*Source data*
___
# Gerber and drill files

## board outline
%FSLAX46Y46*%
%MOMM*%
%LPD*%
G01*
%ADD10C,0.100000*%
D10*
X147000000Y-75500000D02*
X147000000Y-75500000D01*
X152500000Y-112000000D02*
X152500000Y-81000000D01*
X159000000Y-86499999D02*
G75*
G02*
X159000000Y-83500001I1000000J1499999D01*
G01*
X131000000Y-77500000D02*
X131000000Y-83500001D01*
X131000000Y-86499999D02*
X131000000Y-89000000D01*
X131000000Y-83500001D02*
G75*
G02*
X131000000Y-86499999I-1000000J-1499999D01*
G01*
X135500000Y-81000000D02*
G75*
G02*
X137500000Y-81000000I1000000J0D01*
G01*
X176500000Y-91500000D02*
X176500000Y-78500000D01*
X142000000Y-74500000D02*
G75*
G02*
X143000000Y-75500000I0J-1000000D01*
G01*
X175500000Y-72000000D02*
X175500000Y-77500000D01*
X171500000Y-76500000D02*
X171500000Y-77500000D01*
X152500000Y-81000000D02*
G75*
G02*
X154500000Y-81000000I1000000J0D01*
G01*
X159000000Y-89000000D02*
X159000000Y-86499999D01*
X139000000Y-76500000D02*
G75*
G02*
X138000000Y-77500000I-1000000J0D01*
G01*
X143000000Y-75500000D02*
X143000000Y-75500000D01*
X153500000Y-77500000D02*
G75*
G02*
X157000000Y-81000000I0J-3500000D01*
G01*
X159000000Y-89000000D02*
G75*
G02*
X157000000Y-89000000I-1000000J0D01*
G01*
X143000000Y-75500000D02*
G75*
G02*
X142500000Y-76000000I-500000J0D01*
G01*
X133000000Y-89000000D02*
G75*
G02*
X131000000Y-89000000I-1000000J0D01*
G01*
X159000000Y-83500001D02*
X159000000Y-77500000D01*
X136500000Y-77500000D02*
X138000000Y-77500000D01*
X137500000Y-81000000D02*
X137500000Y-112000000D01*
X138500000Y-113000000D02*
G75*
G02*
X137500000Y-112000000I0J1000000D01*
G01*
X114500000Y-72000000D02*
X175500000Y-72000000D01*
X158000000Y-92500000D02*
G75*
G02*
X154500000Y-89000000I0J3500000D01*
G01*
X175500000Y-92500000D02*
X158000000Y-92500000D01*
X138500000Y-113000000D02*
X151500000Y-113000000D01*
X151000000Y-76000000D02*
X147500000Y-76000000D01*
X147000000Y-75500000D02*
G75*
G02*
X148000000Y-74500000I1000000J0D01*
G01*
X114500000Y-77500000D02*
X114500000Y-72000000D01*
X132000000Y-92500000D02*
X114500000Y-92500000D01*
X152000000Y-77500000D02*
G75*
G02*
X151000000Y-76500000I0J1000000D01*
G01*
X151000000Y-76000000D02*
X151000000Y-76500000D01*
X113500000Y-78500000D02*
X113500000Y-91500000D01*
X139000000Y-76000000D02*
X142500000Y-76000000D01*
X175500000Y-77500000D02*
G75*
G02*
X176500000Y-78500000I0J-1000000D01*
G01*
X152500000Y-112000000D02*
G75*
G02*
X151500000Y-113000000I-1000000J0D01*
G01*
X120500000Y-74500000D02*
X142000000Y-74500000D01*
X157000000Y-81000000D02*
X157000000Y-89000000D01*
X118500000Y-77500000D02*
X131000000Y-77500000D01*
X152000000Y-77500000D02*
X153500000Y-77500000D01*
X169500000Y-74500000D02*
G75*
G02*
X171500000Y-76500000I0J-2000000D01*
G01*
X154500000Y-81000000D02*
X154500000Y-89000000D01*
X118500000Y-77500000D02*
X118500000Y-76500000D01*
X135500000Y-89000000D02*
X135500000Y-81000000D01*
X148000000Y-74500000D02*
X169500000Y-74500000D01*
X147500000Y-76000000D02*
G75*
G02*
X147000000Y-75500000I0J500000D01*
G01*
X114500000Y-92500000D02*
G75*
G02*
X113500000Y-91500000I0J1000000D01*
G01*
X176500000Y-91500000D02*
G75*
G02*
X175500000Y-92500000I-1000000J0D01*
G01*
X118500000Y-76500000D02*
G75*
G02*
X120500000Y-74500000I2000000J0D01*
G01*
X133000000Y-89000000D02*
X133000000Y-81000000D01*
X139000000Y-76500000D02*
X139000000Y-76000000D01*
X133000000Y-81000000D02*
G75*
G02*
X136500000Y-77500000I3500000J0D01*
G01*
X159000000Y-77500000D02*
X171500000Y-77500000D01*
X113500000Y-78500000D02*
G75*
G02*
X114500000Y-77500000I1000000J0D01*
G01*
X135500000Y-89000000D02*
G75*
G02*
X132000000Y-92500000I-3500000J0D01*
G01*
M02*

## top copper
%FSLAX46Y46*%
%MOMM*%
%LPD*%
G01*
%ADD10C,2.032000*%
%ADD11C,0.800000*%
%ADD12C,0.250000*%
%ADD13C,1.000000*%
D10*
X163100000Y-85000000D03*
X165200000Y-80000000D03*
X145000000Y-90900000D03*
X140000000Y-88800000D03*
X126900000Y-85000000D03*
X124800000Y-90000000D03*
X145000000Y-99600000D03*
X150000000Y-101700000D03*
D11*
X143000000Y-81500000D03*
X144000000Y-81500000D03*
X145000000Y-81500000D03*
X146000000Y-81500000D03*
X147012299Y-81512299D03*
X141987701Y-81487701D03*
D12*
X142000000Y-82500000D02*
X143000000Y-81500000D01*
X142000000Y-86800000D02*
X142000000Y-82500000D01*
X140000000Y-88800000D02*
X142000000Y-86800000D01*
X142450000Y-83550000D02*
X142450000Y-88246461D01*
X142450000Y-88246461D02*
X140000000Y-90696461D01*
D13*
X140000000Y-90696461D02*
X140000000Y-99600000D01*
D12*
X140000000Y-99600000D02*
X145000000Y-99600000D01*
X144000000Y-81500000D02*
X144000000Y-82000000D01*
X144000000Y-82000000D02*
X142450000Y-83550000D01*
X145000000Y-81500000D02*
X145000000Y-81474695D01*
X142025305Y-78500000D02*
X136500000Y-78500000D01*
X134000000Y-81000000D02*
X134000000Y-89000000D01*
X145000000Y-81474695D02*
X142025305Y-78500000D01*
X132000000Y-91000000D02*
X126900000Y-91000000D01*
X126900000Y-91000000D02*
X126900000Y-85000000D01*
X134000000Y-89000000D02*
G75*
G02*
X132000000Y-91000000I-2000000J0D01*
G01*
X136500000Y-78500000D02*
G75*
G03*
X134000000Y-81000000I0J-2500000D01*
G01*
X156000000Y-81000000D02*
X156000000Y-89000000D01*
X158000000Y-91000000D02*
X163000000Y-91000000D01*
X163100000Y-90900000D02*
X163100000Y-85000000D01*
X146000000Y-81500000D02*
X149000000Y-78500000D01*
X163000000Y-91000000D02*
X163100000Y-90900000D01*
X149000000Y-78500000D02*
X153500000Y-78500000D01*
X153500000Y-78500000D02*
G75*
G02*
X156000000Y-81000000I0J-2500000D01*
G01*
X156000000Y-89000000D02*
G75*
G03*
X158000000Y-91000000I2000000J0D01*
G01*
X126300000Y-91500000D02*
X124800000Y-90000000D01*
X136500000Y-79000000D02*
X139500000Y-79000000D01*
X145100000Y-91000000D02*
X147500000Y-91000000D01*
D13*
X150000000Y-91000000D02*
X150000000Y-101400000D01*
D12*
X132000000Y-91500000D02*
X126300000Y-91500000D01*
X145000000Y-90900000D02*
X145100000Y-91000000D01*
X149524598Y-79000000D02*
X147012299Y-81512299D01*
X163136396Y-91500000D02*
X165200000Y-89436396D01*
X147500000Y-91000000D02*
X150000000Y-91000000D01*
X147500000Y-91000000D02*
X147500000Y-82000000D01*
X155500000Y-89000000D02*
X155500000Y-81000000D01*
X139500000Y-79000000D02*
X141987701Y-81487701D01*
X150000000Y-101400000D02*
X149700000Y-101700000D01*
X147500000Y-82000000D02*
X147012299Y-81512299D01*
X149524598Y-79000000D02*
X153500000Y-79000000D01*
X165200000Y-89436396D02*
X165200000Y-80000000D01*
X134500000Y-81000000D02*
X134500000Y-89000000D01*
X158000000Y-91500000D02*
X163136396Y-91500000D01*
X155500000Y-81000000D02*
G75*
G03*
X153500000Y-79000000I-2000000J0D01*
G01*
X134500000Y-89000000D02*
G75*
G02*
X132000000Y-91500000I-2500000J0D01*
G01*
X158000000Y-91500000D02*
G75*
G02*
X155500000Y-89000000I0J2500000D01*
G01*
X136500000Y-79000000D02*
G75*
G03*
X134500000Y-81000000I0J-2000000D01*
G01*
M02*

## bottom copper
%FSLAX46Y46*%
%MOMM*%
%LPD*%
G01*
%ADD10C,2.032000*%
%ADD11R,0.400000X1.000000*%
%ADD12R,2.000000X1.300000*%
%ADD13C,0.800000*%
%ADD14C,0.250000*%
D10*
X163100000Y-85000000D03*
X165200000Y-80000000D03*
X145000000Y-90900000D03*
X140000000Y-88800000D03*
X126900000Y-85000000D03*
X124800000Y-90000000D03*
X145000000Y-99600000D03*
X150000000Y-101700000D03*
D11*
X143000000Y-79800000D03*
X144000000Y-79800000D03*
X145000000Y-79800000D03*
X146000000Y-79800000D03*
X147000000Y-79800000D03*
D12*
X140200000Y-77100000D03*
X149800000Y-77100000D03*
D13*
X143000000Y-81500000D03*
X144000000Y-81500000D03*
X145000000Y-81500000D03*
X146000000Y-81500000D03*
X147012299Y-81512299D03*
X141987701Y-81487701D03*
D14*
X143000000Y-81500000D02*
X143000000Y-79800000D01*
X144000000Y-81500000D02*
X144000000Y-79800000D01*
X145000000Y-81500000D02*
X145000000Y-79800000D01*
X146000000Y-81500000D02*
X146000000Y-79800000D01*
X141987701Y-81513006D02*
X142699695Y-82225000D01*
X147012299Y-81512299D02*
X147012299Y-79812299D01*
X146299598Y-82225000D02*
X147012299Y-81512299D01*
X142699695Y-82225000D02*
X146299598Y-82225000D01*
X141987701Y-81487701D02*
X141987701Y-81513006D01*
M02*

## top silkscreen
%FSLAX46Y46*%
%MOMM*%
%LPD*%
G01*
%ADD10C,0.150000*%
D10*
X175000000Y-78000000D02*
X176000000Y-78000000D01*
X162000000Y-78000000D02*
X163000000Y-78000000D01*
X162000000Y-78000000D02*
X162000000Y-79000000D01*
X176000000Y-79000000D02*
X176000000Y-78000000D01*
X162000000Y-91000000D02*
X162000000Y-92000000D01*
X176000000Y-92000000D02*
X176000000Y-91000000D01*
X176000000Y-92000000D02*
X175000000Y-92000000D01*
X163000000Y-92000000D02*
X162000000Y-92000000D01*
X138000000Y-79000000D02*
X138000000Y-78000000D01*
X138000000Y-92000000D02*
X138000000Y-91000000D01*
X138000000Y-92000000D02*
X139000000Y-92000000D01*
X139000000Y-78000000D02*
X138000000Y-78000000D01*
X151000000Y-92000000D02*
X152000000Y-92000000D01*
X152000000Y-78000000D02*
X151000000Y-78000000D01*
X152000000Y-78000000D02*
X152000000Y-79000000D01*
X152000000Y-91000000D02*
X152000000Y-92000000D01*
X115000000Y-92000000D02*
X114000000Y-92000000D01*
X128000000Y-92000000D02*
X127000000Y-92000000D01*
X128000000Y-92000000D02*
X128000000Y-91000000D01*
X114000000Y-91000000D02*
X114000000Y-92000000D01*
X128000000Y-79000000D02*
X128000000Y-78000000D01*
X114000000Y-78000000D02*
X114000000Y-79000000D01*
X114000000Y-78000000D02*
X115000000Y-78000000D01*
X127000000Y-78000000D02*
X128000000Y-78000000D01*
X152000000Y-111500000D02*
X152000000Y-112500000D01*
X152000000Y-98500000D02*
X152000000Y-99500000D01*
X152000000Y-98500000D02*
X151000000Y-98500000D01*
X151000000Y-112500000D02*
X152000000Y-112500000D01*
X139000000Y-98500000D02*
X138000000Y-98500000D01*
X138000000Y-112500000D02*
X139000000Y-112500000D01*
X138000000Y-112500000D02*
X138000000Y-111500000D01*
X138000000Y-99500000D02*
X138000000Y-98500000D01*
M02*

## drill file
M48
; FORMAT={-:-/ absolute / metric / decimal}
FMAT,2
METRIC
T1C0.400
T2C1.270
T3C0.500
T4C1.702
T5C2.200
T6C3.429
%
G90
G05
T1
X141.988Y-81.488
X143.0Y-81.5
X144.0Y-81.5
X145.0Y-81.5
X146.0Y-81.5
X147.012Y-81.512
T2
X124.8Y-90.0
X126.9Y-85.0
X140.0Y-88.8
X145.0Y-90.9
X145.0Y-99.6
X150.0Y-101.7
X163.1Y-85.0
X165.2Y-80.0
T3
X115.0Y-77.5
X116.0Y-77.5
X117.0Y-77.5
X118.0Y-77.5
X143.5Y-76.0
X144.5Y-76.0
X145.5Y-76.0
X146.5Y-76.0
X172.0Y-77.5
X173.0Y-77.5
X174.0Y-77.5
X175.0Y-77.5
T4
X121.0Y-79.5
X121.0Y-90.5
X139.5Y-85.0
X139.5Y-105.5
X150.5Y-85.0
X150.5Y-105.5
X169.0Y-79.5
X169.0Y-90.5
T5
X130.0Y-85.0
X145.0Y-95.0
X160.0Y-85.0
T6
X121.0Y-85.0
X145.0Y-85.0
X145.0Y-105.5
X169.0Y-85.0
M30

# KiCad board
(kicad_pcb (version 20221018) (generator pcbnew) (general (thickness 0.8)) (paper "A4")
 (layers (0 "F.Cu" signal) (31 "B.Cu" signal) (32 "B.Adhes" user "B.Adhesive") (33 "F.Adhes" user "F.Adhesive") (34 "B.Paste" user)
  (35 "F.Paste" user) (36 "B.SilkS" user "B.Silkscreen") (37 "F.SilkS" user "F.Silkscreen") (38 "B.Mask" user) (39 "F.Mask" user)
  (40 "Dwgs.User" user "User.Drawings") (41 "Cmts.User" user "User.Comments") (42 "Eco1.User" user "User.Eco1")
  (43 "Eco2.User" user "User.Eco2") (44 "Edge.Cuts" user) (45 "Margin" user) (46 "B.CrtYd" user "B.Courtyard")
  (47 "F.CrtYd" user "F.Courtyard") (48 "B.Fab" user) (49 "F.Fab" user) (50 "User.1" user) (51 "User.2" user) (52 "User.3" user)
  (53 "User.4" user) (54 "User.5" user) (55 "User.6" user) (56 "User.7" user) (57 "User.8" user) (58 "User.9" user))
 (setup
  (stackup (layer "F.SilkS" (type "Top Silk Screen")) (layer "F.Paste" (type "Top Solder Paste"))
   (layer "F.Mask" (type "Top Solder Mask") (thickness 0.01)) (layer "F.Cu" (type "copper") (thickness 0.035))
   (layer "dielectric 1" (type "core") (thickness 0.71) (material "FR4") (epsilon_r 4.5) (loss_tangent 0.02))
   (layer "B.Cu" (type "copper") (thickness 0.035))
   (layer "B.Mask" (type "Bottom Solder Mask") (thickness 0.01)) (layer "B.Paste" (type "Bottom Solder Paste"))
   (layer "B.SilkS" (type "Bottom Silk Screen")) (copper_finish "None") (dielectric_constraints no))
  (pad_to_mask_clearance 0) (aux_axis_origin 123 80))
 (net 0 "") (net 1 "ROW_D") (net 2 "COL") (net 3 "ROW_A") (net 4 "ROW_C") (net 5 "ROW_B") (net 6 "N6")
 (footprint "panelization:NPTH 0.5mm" (layer "F.Cu") (at 145.5 76)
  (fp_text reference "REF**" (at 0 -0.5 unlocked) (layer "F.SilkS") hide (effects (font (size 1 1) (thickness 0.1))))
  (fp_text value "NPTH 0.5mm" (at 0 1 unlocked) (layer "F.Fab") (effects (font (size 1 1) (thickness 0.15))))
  (pad "" np_thru_hole circle (at 0 0) (size 0.5 0.5) (drill 0.5) (layers "F&B.Cu" "*.Mask")))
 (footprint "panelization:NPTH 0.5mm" (layer "F.Cu") (at 115 77.5)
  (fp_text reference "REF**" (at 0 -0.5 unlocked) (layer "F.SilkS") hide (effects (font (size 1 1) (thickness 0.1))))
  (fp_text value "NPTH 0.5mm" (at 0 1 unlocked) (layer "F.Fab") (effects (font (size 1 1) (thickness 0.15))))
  (pad "" np_thru_hole circle (at 0 0) (size 0.5 0.5) (drill 0.5) (layers "F&B.Cu" "*.Mask")))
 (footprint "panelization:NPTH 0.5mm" (layer "F.Cu") (at 144.5 76)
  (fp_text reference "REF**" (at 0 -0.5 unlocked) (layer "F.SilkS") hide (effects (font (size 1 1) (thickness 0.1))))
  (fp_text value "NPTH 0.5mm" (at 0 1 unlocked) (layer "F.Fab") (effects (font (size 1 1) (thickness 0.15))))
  (pad "" np_thru_hole circle (at 0 0) (size 0.5 0.5) (drill 0.5) (layers "F&B.Cu" "*.Mask")))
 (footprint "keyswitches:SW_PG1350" (layer "F.Cu") (at 169 85 -90)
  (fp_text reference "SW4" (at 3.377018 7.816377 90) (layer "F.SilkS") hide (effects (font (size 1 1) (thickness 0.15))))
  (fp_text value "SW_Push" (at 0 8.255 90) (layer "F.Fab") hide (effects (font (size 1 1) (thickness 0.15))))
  (fp_line (start -7 -6) (end -7 -7) (stroke (width 0.15) (type solid)) (layer "F.SilkS"))
  (fp_line (start -7 7) (end -7 6) (stroke (width 0.15) (type solid)) (layer "F.SilkS"))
___
*INSTRUCTIONS TO FOLLOW*
Look above for the line containing "X147500000Y-91000000D01*" and the line containing "X150000000Y-91000000D01*". Transcribe both, with the lines between them, exactly.

*ANSWER AREA*
X147500000Y-91000000D01*
D13*
X150000000Y-91000000D02*
X150000000Y-101400000D01*
D12*
X132000000Y-91500000D02*
X126300000Y-91500000D01*
X145000000Y-90900000D02*
X145100000Y-91000000D01*
X149524598Y-79000000D02*
X147012299Y-81512299D01*
X163136396Y-91500000D02*
X165200000Y-89436396D01*
X147500000Y-91000000D02*
X150000000Y-91000000D01*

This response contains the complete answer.